Well, as I suspected, I had a problem.
My code is

/* Ping))) Sensor
  
   This sketch reads a PING))) ultrasonic rangefinder and returns the
   distance to the closest object in range. To do this, it sends a pulse
   to the sensor to initiate a reading, then listens for a pulse 
   to return.  The length of the returning pulse is proportional to 
   the distance of the object from the sensor.
     
   The circuit:
	* +V connection of the PING))) attached to +5V
	* GND connection of the PING))) attached to ground
	* SIG connection of the PING))) attached to digital pin 7

   http://www.arduino.cc/en/Tutorial/Ping
   
   created 3 Nov 2008
   by David A. Mellis
   modified 30 Aug 2011
   by Tom Igoe
 
   This example code is in the public domain.

 */

// this constant won't change.  It's the pin number
// of the sensor's output:


int x = 0;
int y = 0;
const int pingPin = 7;

void setup() {
  // initialize serial communication:
  Serial.begin(9600);
}

void loop()
{
  // establish variables for duration of the ping, 
  // and the distance result in inches and centimeters:
  long duration, inches, cm;

  // The PING))) is triggered by a HIGH pulse of 2 or more microseconds.
  // Give a short LOW pulse beforehand to ensure a clean HIGH pulse:
  pinMode(pingPin, OUTPUT);
  digitalWrite(pingPin, LOW);
  delayMicroseconds(2);
  digitalWrite(pingPin, HIGH);
  delayMicroseconds(5);
  digitalWrite(pingPin, LOW);

  // The same pin is used to read the signal from the PING))): a HIGH
  // pulse whose duration is the time (in microseconds) from the sending
  // of the ping to the reception of its echo off of an object.
  pinMode(pingPin, INPUT);
  duration = pulseIn(pingPin, HIGH);

  // convert the time into a distance
  inches = microsecondsToInches(duration);
  cm = microsecondsToCentimeters(duration);
  
  
  delay(100);
  
    if(inches < 30){
  delay(1000);
  y = y+1;
  x = y;
  Serial.print(x);
    Serial.println();
  }
}

long microsecondsToInches(long microseconds)
{
  // According to Parallax's datasheet for the PING))), there are
  // 73.746 microseconds per inch (i.e. sound travels at 1130 feet per
  // second).  This gives the distance travelled by the ping, outbound
  // and return, so we divide by 2 to get the distance of the obstacle.
  // See: http://www.parallax.com/dl/docs/prod/acc/28015-PING-v1.3.pdf
  return microseconds / 74 / 2;
}

long microsecondsToCentimeters(long microseconds)
{
  // The speed of sound is 340 m/s or 29 microseconds per centimeter.
  // The ping travels out and back, so to find the distance of the
  // object we take half of the distance travelled.
  return microseconds / 29 / 2;
}

I got it from the example code for the Ping ultrasonic sensor and combined it from the counting script.
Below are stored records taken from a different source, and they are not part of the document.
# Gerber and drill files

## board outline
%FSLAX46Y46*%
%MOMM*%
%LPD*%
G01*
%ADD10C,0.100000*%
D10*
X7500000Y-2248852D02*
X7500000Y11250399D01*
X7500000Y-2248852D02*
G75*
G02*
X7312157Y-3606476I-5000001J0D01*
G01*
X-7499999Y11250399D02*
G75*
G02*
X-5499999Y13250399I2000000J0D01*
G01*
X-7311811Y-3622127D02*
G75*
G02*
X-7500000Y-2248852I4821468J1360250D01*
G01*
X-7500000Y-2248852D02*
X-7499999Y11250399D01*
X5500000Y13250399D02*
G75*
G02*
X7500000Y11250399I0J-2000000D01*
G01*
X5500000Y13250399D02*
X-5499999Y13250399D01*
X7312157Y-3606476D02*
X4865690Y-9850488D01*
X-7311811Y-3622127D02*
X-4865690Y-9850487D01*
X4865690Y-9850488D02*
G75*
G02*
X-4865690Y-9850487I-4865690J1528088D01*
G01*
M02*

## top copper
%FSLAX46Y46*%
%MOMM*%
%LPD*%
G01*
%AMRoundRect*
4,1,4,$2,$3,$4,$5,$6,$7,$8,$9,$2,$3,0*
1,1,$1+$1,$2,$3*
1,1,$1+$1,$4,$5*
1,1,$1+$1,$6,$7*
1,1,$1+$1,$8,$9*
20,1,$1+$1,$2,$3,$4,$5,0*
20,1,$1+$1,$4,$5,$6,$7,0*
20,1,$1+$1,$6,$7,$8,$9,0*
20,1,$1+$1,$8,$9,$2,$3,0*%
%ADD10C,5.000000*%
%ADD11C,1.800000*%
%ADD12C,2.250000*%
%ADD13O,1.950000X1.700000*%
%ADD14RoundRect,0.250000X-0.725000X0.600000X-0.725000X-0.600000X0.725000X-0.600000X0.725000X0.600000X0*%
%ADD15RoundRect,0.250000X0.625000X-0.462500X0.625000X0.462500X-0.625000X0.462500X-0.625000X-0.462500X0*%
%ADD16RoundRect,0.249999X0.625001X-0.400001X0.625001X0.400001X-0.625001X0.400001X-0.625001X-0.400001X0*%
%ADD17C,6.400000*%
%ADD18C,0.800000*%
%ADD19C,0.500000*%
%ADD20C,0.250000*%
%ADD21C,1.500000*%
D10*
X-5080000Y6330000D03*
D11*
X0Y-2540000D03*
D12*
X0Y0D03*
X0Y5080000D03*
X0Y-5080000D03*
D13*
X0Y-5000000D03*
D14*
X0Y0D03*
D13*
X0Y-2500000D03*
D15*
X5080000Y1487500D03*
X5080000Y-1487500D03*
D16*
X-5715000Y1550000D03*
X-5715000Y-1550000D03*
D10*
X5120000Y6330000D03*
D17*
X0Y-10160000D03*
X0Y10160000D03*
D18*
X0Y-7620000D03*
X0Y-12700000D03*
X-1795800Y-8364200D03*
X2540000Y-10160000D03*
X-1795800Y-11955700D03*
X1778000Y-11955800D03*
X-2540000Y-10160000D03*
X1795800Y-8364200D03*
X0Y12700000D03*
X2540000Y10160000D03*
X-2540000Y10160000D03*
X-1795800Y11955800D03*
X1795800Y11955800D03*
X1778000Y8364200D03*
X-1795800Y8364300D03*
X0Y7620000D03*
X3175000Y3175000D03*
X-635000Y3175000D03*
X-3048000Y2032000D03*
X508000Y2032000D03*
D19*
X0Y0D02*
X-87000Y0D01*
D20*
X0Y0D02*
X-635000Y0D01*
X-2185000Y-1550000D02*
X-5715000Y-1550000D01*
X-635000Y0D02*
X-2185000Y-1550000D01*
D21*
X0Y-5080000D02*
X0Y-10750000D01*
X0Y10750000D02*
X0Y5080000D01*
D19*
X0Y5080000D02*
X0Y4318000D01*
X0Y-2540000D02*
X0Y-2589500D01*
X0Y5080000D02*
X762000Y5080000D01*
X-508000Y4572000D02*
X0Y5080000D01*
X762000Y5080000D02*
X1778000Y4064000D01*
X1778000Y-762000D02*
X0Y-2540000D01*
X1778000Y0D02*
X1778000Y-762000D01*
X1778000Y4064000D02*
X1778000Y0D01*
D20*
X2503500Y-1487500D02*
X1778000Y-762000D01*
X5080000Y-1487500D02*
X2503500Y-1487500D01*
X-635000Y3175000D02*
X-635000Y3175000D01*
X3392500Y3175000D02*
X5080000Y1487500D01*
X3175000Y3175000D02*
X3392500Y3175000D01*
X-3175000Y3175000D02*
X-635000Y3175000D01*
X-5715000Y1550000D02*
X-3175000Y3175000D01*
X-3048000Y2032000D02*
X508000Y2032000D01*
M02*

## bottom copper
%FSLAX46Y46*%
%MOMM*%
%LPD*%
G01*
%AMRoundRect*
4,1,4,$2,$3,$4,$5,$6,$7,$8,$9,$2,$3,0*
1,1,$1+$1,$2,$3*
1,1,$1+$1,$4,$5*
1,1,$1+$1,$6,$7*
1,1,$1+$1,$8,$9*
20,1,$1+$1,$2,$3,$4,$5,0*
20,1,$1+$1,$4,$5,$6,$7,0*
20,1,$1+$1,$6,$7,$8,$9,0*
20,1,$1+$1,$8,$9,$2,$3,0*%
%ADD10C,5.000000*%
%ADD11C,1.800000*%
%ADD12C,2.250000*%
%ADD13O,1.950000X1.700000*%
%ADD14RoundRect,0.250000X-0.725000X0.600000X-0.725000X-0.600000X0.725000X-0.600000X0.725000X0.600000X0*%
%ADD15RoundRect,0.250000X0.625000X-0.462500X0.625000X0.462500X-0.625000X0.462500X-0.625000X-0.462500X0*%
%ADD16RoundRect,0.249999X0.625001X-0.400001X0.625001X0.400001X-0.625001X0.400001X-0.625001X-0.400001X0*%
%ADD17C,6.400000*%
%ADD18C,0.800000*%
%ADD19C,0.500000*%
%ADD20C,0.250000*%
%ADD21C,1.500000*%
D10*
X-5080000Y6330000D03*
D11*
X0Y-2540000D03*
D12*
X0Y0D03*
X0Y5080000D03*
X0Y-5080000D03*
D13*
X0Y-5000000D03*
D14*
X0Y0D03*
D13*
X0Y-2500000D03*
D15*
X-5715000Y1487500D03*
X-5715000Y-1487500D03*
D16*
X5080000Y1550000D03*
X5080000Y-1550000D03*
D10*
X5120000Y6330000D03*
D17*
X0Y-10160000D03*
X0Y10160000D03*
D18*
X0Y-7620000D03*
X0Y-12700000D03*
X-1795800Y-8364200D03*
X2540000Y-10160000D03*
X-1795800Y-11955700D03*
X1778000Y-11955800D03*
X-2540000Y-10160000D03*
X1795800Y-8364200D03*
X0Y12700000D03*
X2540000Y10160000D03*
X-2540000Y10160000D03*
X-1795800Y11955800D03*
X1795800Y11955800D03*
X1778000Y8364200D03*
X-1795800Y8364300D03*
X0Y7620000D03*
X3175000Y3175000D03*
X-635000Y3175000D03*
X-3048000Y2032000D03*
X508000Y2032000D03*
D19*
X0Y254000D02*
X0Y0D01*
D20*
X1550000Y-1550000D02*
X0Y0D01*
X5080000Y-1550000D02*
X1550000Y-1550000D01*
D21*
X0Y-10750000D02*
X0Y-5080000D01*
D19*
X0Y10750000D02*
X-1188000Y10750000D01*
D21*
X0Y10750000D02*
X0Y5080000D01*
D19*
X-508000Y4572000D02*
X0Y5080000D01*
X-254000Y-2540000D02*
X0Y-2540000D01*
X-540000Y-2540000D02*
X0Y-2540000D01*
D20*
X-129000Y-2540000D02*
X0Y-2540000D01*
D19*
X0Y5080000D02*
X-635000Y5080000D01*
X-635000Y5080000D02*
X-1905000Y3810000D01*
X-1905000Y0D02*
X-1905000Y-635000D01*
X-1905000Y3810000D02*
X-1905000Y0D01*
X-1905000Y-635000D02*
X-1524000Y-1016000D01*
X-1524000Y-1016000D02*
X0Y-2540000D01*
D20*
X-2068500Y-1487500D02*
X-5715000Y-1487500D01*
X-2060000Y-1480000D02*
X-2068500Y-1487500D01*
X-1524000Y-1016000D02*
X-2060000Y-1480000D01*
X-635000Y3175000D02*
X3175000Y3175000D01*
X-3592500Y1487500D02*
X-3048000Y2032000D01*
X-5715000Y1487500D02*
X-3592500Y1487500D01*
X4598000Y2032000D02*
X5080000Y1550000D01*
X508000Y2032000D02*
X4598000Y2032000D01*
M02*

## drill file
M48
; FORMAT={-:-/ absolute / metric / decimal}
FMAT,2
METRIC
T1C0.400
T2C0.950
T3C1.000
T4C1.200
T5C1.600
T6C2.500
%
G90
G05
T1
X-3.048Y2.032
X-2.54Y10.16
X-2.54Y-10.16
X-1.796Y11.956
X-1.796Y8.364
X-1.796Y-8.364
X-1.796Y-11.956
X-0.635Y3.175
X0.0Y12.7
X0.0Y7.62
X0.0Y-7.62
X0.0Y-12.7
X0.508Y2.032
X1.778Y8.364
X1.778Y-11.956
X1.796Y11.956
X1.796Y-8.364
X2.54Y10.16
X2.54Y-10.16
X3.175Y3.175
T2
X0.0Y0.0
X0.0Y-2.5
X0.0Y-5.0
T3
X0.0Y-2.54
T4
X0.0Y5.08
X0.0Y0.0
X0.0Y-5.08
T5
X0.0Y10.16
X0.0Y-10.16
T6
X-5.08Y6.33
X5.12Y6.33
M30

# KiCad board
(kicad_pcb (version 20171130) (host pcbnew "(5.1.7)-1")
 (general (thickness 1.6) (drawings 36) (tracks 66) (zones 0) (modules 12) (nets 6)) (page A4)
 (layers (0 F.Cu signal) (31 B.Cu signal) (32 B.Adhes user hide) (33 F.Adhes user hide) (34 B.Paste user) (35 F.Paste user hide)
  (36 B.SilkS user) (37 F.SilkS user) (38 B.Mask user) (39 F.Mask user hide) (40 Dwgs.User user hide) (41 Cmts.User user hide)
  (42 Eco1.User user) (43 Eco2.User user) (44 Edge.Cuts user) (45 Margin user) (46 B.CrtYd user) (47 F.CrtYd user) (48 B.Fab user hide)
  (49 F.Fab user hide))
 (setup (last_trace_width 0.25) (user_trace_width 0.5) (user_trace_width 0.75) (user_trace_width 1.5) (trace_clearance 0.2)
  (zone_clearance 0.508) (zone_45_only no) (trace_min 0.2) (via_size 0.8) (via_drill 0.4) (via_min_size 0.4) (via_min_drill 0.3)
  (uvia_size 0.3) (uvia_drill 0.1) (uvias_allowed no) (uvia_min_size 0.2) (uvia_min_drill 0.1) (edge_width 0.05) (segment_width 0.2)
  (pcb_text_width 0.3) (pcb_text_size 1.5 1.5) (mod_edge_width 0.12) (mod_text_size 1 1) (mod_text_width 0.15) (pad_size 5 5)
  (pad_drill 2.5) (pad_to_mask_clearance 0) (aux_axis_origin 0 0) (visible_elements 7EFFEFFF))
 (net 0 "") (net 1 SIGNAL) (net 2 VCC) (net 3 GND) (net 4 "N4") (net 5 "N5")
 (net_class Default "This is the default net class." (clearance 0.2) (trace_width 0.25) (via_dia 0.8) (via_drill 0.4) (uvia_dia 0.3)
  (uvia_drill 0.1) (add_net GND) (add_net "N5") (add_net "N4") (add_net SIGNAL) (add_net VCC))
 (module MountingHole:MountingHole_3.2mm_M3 (layer F.Cu) (at -5.08 -6.33)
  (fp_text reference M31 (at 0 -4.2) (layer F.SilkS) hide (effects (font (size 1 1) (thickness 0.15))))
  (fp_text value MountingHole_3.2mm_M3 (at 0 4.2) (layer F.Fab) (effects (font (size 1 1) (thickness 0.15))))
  (pad "" np_thru_hole circle (at 0 0) (size 5 5) (drill 2.5) (layers *.Cu *.Mask)))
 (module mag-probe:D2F (layer F.Cu) (at 0 0 270)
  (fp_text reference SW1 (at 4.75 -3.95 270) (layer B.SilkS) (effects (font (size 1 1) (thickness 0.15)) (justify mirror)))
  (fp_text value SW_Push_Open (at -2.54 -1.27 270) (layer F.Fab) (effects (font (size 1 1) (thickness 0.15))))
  (pad 4 thru_hole circle (at 2.54 0 270) (size 1.8 1.8) (drill 1) (layers *.Cu *.Mask) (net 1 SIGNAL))
  (pad 3 thru_hole circle (at 0 0 270) (size 2.25 2.25) (drill 1.2) (layers *.Cu *.Mask) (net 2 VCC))
  (pad 2 thru_hole circle (at -5.08 0 270) (size 2.25 2.25) (drill 1.2) (layers *.Cu *.Mask) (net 1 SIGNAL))
  (pad 1 thru_hole circle (at 5.08 0 270) (size 2.25 2.25) (drill 1.2) (layers *.Cu *.Mask) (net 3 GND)))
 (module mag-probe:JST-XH (layer F.Cu) (at 0 0 270)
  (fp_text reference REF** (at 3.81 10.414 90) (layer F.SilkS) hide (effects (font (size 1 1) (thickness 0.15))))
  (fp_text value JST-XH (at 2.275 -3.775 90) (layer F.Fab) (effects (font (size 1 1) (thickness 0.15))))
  (pad 3 thru_hole oval (at 5 0 270) (size 1.7 1.95) (drill 0.95) (layers *.Cu *.Mask) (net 3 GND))
  (pad 1 thru_hole roundrect (at 0 0 270) (size 1.7 1.95) (drill 0.95) (layers *.Cu *.Mask) (roundrect_rratio 0.1470588235294118))
  (pad 2 thru_hole oval (at 2.5 0 270) (size 1.7 1.95) (drill 0.95) (layers *.Cu *.Mask) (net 1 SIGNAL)))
Its supposed to only write down the number on the serial moniter when the Ping sees something less that 30 inches away. If the serial moniter isn’t available or the arduino isn’t connected to the computer, its supposed to record the count at that moment and write it down on the serial moniter when it can(not built into the script yet). Programming help would be good.
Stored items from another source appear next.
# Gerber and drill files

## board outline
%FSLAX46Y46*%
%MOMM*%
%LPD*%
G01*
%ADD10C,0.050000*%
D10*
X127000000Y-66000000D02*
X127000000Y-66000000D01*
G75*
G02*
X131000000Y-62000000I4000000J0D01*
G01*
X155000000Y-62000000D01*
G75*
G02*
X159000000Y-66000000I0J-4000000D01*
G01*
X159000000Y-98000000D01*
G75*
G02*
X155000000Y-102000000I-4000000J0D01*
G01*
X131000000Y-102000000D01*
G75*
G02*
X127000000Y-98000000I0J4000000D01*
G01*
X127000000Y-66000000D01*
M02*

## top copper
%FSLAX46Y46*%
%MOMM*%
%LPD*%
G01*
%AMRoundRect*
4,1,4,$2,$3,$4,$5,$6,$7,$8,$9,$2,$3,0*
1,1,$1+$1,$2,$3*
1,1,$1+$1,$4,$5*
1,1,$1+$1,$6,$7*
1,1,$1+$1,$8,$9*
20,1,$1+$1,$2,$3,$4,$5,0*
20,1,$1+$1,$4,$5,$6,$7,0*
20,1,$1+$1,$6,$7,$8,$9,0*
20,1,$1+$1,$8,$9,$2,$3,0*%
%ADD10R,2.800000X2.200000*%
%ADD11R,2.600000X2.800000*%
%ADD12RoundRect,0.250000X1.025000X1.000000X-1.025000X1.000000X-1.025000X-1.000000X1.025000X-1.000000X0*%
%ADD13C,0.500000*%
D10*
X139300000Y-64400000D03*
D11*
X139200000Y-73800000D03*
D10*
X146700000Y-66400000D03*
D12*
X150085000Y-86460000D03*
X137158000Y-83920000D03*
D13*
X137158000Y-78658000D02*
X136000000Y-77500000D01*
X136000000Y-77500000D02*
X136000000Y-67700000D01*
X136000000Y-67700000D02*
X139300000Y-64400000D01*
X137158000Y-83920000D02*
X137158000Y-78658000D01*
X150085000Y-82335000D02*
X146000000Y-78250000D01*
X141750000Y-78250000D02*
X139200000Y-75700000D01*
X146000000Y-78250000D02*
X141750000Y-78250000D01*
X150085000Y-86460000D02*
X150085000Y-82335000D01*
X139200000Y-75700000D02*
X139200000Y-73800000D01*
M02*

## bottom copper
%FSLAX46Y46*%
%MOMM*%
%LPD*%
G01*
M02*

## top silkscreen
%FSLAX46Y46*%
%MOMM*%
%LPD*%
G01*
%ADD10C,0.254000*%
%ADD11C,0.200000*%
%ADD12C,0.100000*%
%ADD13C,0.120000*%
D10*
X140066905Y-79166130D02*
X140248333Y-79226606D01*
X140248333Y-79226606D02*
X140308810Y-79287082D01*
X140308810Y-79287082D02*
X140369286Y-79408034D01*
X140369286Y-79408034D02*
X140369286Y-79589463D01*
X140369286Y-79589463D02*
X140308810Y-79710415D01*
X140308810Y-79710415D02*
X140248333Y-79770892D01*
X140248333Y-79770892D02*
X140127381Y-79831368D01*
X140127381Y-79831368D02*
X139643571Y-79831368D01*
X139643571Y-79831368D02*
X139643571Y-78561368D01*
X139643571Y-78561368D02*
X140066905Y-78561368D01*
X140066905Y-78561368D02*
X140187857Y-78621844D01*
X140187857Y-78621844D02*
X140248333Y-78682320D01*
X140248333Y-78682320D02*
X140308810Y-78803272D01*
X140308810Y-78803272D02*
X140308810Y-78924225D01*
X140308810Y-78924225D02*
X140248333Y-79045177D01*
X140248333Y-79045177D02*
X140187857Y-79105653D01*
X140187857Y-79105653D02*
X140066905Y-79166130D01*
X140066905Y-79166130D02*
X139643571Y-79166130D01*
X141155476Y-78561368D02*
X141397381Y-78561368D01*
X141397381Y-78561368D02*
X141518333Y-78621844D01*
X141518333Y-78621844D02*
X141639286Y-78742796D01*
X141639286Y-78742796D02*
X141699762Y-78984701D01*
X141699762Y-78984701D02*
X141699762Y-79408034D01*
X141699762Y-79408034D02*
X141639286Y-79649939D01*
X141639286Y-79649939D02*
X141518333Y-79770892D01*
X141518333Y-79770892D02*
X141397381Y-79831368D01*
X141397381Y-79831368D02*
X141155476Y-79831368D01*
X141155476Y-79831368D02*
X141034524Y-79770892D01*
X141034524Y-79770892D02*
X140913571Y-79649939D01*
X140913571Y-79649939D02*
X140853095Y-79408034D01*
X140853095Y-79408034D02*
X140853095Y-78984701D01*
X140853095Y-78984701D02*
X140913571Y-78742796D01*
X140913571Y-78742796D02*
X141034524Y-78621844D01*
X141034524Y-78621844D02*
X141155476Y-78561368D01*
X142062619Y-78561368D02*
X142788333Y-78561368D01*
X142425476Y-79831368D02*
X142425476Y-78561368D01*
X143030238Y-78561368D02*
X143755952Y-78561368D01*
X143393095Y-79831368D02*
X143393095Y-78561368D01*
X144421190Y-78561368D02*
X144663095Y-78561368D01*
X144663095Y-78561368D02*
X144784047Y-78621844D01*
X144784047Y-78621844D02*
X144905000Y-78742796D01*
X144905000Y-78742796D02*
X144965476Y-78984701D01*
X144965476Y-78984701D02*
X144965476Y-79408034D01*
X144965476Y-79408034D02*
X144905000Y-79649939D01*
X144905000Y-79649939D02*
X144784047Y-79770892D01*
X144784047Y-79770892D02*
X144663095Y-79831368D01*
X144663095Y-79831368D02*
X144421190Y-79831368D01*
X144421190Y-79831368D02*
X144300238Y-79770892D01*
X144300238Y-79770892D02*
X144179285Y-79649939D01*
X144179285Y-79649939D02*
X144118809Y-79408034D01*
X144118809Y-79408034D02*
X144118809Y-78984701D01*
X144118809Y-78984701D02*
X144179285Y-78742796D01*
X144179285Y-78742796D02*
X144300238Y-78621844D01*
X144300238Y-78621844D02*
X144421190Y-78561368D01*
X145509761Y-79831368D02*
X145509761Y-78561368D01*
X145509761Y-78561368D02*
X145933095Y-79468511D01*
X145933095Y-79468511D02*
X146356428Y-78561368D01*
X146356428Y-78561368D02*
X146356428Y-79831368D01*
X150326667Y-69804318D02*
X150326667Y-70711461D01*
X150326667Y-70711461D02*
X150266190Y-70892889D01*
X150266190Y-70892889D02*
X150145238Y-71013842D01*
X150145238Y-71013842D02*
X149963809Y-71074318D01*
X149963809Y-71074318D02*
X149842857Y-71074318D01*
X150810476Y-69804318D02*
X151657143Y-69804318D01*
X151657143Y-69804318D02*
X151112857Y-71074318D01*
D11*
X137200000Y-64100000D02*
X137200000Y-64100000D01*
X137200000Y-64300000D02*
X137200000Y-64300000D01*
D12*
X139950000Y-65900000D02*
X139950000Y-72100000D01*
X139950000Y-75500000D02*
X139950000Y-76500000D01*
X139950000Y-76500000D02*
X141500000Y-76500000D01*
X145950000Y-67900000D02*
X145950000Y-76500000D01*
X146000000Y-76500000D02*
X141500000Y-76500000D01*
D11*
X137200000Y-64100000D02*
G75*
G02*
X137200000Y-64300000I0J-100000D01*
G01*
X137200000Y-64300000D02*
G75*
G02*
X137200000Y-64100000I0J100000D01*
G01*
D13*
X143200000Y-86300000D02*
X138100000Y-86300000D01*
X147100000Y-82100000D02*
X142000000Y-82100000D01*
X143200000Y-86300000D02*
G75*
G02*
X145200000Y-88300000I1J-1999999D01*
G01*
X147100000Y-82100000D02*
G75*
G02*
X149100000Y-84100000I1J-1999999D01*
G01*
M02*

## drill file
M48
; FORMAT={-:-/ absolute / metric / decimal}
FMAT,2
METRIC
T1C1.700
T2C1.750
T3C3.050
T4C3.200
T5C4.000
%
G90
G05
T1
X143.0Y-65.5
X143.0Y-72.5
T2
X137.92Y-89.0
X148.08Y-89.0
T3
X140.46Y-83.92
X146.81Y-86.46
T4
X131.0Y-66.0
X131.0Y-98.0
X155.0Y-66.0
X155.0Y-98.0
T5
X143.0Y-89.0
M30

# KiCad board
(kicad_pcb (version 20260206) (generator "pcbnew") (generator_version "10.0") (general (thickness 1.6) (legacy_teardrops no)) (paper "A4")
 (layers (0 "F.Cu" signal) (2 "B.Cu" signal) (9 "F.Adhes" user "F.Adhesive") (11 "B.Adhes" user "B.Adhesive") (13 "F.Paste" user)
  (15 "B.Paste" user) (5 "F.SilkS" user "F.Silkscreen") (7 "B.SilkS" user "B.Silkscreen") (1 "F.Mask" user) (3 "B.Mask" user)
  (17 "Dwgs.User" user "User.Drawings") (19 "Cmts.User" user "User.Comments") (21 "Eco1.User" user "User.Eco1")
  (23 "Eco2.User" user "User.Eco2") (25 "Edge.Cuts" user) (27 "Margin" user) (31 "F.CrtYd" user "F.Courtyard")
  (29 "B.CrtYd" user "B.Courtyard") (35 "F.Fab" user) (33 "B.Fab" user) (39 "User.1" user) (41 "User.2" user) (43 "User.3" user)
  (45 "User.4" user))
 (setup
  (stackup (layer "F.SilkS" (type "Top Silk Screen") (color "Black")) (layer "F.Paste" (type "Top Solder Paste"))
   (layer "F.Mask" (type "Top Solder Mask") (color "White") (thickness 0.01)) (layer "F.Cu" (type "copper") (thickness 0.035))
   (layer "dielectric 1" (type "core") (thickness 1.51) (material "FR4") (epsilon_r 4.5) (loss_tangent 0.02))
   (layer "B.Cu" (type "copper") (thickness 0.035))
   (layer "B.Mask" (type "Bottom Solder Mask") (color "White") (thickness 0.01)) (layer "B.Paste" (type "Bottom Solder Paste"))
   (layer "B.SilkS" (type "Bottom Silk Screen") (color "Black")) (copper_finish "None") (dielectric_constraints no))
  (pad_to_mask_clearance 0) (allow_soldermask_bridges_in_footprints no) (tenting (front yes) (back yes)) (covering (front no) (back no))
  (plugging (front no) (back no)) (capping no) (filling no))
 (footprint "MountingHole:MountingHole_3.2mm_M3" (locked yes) (layer "F.Cu") (at 155 66)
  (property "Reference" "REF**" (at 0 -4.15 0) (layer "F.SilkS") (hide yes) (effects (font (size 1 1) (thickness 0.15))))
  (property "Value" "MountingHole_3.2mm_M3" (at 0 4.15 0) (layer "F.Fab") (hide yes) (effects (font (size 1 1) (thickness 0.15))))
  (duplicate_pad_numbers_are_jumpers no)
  (pad "" np_thru_hole circle (at 0 0) (size 3.2 3.2) (drill 3.2) (layers "*.Cu" "*.Mask")))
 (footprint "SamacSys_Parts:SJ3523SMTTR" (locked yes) (layer "F.Cu") (at 143 62 -90)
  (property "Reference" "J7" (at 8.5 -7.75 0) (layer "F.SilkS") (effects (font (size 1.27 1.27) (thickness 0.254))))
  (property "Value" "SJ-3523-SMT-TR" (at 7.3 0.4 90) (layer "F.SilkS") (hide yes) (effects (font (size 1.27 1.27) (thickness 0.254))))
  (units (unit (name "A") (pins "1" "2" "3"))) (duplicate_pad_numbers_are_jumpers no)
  (fp_line (start 2.1 5.8) (end 2.1 5.8) (stroke (width 0.2) (type solid)) (layer "F.SilkS"))
  (fp_line (start 2.3 5.8) (end 2.3 5.8) (stroke (width 0.2) (type solid)) (layer "F.SilkS"))
  (fp_line (start 3.9 3.05) (end 10.1 3.05) (stroke (width 0.1) (type solid)) (layer "F.SilkS"))
  (fp_line (start 13.5 3.05) (end 14.5 3.05) (stroke (width 0.1) (type solid)) (layer "F.SilkS"))
  (fp_line (start 14.5 3.05) (end 14.5 1.5) (stroke (width 0.1) (type solid)) (layer "F.SilkS"))
  (fp_line (start 5.9 -2.95) (end 14.5 -2.95) (stroke (width 0.1) (type solid)) (layer "F.SilkS"))
  (fp_line (start 14.5 -3) (end 14.5 1.5) (stroke (width 0.1) (type solid)) (layer "F.SilkS"))
  (fp_arc (start 2.1 5.8) (mid 2.2 5.7) (end 2.3 5.8) (stroke (width 0.2) (type solid)) (layer "F.SilkS"))
  (fp_arc (start 2.3 5.8) (mid 2.2 5.9) (end 2.1 5.8) (stroke (width 0.2) (type solid)) (layer "F.SilkS"))
  (pad "" np_thru_hole circle (at 3.5 0 270) (size 1.7 1.7) (drill 1.7) (layers "*.Cu" "*.Mask"))
  (pad "" np_thru_hole circle (at 10.5 0 270) (size 1.7 1.7) (drill 1.7) (layers "*.Cu" "*.Mask"))
  (pad "1" smd rect (at 2.4 3.7 270) (size 2.2 2.8) (layers "F.Cu" "F.Mask" "F.Paste") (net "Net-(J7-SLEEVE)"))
I've never seen any technique for detecting whether there's anything at the other end of the serial interface on an arduino without having the other side send something to say so. That's not to say that there isn't of course, but generally the arduino is perfectly happy to spray data out of the serial port blissfully unaware that nothing is listening. Even if you find a way though, are you planning to store all the readings that weren't sent? You'll likely need somewhere to store it external to the arduino or you'll quickly run out of memory.